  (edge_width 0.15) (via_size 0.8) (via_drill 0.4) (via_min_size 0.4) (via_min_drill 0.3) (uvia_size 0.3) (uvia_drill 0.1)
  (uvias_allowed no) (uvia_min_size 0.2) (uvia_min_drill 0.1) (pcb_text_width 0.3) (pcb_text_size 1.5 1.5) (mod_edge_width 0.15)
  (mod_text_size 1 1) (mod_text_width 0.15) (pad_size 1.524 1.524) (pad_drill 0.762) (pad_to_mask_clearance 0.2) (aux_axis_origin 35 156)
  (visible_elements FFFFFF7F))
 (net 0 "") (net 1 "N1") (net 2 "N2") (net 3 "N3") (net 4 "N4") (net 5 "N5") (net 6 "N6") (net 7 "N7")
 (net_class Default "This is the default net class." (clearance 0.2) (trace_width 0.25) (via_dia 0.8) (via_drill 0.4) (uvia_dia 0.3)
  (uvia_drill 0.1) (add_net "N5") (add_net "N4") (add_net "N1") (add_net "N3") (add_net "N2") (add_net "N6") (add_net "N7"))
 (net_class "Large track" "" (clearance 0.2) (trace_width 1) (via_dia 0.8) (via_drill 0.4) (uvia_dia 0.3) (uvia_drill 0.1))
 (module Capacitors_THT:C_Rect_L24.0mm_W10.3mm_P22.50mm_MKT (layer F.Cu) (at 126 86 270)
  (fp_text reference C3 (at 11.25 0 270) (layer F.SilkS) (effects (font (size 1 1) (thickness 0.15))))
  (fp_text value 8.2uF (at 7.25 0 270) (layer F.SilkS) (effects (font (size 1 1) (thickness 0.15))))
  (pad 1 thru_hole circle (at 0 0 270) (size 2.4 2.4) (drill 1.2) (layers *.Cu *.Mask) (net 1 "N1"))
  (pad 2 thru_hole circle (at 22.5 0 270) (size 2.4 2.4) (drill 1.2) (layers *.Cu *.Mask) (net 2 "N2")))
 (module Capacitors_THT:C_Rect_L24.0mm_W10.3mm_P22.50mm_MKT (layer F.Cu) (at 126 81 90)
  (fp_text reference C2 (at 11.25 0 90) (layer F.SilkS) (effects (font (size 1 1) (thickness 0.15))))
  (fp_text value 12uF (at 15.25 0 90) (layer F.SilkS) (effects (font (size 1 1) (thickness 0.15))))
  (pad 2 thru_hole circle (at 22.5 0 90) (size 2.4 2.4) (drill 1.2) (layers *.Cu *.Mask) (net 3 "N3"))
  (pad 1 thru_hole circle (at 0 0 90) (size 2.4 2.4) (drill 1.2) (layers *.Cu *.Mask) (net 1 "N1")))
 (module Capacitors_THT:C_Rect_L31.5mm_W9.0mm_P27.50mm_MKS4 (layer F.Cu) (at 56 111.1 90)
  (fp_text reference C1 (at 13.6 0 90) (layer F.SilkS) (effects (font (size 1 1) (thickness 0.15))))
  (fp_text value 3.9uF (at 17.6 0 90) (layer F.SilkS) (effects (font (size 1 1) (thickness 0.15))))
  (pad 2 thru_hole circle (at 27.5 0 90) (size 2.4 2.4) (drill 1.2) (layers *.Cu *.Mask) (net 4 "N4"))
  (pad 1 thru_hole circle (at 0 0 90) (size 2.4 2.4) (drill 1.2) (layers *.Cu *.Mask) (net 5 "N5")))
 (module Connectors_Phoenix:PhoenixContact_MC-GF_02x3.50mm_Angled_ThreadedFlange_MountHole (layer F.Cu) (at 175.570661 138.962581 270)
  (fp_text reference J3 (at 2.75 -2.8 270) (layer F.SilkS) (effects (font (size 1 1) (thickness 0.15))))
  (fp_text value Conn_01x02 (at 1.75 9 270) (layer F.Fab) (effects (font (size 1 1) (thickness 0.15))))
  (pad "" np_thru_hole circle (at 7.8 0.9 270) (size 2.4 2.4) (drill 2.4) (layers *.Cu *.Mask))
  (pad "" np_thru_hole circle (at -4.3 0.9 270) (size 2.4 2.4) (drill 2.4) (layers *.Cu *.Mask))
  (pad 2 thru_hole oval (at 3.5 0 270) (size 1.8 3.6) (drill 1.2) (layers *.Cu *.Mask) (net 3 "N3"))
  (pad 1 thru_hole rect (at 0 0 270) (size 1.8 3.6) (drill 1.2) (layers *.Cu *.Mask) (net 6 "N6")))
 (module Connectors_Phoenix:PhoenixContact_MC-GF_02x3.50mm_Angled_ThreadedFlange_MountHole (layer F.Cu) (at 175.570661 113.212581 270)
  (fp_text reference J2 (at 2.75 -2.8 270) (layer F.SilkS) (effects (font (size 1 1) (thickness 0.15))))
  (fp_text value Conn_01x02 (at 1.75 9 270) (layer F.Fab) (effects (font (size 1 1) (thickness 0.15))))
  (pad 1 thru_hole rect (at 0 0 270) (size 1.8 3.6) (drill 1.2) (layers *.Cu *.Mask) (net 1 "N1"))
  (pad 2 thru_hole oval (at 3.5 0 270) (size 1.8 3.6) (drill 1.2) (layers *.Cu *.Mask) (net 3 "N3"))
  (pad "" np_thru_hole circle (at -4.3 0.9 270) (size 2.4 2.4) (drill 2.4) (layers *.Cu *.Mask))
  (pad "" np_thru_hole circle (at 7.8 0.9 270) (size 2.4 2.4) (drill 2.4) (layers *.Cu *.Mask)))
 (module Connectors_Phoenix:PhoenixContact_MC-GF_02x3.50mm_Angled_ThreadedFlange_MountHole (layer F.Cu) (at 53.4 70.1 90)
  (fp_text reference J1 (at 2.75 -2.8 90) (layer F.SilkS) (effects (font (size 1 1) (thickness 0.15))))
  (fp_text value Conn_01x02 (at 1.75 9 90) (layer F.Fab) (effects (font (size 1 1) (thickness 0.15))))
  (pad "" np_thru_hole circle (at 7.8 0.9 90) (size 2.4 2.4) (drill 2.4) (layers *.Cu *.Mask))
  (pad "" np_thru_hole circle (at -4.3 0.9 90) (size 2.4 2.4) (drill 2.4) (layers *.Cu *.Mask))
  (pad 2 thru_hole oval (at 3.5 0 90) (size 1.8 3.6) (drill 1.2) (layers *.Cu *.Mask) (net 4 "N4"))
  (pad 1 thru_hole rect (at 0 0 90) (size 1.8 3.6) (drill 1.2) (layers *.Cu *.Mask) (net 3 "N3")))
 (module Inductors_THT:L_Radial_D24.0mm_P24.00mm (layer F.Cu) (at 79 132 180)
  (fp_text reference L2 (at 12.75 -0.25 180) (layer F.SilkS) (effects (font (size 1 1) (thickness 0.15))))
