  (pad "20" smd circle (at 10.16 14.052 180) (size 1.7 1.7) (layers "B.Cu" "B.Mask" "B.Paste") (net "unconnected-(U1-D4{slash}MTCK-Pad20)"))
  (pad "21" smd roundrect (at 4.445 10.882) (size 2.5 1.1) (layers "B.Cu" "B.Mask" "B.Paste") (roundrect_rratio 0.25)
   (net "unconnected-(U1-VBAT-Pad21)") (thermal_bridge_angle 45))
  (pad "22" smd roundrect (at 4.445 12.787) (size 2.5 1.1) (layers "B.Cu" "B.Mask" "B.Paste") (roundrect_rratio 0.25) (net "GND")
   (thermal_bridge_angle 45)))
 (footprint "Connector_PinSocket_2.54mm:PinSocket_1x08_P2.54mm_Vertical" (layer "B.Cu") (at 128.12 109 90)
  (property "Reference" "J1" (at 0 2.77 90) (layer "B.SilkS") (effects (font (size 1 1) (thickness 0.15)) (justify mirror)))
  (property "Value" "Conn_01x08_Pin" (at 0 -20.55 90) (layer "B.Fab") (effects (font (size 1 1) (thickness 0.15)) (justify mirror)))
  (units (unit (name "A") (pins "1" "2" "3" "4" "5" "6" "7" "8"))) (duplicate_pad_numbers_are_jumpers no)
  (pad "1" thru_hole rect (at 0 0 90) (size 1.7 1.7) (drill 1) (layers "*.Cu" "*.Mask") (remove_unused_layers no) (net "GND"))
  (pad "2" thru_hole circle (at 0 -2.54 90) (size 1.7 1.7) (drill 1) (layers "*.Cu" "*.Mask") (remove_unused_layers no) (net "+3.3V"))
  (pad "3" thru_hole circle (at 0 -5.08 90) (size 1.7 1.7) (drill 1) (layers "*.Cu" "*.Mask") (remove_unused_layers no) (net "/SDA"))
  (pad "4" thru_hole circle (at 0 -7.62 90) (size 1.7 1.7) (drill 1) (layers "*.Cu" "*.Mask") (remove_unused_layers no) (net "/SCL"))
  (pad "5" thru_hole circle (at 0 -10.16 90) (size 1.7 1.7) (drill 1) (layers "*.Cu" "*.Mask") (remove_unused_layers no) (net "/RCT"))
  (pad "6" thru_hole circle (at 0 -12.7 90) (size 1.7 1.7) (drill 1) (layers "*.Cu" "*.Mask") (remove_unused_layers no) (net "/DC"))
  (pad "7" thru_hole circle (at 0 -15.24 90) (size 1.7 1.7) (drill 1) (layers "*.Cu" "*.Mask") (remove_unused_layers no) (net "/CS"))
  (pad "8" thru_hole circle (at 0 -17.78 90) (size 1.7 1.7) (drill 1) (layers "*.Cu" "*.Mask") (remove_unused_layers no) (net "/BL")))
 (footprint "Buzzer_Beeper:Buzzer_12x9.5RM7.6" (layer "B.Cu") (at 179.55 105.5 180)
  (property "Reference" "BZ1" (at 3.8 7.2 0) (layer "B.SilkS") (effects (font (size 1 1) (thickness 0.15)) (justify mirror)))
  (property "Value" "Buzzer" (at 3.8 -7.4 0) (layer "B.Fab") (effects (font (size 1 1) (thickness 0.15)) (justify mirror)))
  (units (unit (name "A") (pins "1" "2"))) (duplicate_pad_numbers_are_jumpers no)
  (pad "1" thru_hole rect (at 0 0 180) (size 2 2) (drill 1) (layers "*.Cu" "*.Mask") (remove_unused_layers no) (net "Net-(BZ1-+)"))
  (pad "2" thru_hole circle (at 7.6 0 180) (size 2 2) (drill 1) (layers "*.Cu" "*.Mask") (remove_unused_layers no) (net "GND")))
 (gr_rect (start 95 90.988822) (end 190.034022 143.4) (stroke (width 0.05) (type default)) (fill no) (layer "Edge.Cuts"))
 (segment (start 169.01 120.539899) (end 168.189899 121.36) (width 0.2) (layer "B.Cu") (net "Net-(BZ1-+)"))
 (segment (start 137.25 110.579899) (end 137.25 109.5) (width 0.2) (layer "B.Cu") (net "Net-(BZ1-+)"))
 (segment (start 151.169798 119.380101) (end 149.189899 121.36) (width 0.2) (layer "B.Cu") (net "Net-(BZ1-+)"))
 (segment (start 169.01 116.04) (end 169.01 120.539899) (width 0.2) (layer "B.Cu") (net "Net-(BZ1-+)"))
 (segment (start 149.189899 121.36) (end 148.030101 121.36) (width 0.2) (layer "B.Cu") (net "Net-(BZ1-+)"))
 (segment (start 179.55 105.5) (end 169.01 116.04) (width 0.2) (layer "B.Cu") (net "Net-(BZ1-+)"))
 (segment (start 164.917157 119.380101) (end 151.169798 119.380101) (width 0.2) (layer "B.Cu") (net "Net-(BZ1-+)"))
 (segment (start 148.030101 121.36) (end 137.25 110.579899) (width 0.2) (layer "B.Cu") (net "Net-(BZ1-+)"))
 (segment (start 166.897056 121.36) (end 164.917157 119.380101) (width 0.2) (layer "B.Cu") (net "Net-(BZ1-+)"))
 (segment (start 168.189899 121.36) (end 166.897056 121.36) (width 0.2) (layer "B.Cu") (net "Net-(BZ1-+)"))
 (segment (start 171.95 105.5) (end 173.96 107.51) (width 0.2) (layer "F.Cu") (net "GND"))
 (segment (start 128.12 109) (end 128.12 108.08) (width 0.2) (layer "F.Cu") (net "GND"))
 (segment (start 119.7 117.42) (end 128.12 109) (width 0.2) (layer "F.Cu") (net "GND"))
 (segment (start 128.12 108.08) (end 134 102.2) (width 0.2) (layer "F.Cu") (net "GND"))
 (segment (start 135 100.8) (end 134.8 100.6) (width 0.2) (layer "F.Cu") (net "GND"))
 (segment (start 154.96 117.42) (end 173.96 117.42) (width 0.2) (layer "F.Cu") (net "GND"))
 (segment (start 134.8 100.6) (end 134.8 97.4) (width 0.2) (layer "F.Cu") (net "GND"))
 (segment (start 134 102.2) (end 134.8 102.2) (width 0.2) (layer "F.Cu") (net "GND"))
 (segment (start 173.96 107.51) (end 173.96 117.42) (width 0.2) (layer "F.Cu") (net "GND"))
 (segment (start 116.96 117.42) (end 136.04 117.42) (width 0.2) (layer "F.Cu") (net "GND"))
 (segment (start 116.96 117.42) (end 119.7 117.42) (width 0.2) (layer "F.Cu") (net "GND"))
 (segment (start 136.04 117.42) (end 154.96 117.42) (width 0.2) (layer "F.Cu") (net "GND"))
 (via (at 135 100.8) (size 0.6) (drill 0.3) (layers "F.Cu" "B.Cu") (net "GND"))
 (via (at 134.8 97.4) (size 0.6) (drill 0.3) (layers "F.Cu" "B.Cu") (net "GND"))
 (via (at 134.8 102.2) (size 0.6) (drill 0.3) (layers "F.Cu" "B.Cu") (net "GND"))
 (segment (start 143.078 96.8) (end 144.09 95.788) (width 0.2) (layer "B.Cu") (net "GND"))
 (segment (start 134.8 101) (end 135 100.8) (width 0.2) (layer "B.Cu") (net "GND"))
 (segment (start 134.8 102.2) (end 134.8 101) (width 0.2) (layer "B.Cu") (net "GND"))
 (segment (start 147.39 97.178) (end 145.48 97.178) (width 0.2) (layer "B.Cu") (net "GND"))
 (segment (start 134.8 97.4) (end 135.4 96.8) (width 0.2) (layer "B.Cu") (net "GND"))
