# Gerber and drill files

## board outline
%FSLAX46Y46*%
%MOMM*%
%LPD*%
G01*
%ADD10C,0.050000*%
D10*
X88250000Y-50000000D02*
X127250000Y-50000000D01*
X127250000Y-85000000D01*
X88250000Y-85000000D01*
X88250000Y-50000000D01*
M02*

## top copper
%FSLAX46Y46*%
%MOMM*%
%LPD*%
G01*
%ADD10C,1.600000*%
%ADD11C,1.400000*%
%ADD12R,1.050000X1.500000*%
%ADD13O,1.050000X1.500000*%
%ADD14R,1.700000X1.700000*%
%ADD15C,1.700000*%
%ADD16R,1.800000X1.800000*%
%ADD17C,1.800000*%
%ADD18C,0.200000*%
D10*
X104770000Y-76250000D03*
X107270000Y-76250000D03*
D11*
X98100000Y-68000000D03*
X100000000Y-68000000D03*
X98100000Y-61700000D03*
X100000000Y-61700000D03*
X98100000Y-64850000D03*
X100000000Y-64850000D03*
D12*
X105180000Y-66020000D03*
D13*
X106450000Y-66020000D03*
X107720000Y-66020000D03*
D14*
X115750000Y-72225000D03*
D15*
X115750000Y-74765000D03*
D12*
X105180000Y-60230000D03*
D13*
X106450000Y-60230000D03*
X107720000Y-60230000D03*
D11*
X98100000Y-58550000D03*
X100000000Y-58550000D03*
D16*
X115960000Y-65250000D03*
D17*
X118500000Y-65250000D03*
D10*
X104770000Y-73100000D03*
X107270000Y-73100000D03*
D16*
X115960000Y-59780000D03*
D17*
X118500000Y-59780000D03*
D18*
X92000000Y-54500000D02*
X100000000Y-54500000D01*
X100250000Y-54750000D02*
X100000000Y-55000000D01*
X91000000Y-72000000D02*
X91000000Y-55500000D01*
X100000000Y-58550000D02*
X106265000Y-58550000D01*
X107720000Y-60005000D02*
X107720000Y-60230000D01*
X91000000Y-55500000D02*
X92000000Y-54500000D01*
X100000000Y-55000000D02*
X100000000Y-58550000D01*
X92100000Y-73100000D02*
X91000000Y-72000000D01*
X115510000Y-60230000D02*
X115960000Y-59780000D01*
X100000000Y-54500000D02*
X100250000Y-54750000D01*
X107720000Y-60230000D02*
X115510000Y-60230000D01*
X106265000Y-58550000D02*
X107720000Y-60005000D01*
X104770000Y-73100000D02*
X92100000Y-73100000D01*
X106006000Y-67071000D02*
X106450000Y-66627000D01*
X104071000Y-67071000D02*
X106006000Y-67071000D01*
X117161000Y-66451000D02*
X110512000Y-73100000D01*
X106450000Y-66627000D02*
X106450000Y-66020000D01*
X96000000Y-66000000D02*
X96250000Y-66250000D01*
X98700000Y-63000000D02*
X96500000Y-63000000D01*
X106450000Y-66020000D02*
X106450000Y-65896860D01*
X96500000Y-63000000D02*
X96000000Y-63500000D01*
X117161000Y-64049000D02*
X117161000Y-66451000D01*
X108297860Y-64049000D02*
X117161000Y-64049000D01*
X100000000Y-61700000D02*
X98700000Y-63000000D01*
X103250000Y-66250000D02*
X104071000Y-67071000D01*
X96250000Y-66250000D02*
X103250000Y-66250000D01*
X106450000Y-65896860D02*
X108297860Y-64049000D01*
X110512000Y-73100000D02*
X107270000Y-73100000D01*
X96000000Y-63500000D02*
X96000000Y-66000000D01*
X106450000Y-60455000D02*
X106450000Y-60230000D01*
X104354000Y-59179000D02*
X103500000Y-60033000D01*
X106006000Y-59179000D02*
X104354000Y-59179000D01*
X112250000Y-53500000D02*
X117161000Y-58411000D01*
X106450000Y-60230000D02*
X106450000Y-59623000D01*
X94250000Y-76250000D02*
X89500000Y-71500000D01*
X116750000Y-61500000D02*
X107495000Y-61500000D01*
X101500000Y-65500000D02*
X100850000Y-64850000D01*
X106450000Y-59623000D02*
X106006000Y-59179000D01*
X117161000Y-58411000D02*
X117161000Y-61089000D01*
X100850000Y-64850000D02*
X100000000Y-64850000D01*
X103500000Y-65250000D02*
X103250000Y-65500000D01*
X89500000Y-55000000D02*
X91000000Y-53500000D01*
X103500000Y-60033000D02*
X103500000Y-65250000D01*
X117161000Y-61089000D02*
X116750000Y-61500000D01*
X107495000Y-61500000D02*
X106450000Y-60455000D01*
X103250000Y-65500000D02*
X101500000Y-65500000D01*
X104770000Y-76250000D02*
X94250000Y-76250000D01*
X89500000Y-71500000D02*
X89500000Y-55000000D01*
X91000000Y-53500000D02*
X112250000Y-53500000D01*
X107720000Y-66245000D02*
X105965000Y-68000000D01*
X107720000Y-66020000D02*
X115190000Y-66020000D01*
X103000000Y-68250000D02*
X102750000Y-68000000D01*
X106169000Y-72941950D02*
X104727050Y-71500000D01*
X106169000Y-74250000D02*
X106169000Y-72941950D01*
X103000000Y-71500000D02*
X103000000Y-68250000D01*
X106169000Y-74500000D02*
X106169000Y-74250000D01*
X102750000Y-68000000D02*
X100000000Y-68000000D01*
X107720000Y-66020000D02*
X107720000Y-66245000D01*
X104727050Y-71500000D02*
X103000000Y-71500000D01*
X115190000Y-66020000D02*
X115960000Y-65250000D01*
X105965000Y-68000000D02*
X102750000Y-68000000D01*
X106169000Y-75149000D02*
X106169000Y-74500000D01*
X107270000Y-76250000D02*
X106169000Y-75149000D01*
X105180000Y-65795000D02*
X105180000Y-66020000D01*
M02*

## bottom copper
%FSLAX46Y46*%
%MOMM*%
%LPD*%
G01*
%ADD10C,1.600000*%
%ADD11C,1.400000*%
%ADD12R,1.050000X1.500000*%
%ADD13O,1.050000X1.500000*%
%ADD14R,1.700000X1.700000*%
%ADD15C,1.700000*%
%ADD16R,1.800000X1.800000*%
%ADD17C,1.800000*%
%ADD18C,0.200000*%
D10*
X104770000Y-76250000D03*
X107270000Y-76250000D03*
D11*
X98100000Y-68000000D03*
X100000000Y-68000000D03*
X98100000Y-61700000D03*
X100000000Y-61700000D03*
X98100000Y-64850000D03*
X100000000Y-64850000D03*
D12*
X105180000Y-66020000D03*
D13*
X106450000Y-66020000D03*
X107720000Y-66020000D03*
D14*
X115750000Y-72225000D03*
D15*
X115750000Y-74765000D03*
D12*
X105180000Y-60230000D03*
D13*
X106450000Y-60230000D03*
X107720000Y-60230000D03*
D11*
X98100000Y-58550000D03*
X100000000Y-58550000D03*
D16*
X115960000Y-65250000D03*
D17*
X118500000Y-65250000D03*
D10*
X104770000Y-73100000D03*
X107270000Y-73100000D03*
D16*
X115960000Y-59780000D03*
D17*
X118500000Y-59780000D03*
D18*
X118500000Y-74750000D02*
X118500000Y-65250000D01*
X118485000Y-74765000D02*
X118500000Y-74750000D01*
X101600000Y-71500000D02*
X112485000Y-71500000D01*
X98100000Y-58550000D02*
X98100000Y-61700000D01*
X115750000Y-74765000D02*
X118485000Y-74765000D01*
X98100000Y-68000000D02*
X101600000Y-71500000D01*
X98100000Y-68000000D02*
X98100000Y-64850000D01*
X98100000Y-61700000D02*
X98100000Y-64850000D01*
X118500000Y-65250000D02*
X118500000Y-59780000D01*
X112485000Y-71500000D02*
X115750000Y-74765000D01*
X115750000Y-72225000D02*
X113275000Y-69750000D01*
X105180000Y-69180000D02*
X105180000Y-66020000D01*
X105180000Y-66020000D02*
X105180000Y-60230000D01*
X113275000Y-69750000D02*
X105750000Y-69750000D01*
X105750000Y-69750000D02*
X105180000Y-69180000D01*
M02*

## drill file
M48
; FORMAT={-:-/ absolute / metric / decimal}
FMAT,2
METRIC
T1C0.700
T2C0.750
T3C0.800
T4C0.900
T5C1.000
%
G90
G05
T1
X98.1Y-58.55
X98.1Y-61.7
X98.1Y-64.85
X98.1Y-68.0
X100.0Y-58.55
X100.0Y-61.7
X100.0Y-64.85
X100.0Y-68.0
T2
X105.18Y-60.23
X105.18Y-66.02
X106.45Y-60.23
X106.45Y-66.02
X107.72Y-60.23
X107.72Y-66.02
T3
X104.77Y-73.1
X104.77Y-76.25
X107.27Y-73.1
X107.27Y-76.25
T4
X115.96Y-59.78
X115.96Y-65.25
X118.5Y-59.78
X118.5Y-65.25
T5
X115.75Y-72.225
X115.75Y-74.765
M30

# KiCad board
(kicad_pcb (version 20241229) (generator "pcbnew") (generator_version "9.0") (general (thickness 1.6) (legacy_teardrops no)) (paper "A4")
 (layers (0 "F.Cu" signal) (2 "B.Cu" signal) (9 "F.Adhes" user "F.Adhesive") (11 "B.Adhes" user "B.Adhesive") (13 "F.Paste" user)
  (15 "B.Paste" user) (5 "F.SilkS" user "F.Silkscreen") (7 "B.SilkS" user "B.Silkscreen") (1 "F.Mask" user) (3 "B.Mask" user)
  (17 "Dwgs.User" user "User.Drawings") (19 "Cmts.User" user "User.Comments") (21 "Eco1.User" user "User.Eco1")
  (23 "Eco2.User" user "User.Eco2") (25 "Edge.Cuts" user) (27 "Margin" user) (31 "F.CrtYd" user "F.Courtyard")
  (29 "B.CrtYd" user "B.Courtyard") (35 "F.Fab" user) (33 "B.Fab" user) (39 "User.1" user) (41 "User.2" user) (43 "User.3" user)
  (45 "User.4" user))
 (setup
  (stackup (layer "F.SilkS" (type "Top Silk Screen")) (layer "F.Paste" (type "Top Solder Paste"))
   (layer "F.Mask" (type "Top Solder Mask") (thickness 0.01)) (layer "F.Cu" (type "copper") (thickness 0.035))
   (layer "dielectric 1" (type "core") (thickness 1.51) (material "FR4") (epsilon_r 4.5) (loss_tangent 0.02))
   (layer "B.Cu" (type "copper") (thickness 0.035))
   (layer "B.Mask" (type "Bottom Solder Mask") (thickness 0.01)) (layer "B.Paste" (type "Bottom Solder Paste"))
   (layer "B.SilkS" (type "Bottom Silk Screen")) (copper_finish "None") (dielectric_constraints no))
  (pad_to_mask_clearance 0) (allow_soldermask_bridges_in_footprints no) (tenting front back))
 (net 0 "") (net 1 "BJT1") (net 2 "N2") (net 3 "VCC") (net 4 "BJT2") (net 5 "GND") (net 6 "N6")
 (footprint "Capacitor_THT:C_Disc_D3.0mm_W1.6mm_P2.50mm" (layer "F.Cu") (at 104.77 76.25)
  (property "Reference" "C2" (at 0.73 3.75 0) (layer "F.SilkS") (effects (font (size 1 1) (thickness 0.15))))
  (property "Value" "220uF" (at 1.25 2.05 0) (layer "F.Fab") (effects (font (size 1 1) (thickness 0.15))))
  (pad "1" thru_hole circle (at 0 0) (size 1.6 1.6) (drill 0.8) (layers "*.Cu" "*.Mask") (remove_unused_layers no) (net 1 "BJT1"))
  (pad "2" thru_hole circle (at 2.5 0) (size 1.6 1.6) (drill 0.8) (layers "*.Cu" "*.Mask") (remove_unused_layers no) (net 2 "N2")))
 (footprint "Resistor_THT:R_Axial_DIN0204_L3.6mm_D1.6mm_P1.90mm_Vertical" (layer "F.Cu") (at 98.1 68)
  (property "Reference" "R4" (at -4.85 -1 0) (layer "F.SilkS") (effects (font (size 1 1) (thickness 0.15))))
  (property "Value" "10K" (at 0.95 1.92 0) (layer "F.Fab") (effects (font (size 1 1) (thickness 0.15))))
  (pad "1" thru_hole circle (at 0 0) (size 1.4 1.4) (drill 0.7) (layers "*.Cu" "*.Mask") (remove_unused_layers no) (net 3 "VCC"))
  (pad "2" thru_hole circle (at 1.9 0) (size 1.4 1.4) (drill 0.7) (layers "*.Cu" "*.Mask") (remove_unused_layers no) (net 2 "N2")))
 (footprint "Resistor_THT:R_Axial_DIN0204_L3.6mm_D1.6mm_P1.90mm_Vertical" (layer "F.Cu") (at 98.1 61.7)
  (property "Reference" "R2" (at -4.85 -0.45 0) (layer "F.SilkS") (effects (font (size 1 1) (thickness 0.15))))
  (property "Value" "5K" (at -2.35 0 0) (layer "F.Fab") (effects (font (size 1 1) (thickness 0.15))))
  (pad "1" thru_hole circle (at 0 0) (size 1.4 1.4) (drill 0.7) (layers "*.Cu" "*.Mask") (remove_unused_layers no) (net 3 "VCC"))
= = =
* WHAT YOU SHOULD DO: Copy each line of the entries in which the string "CrtYd" is found.

* WRITTEN SOLUTION:
  (23 "Eco2.User" user "User.Eco2") (25 "Edge.Cuts" user) (27 "Margin" user) (31 "F.CrtYd" user "F.Courtyard")
  (29 "B.CrtYd" user "B.Courtyard") (35 "F.Fab" user) (33 "B.Fab" user) (39 "User.1" user) (41 "User.2" user) (43 "User.3" user)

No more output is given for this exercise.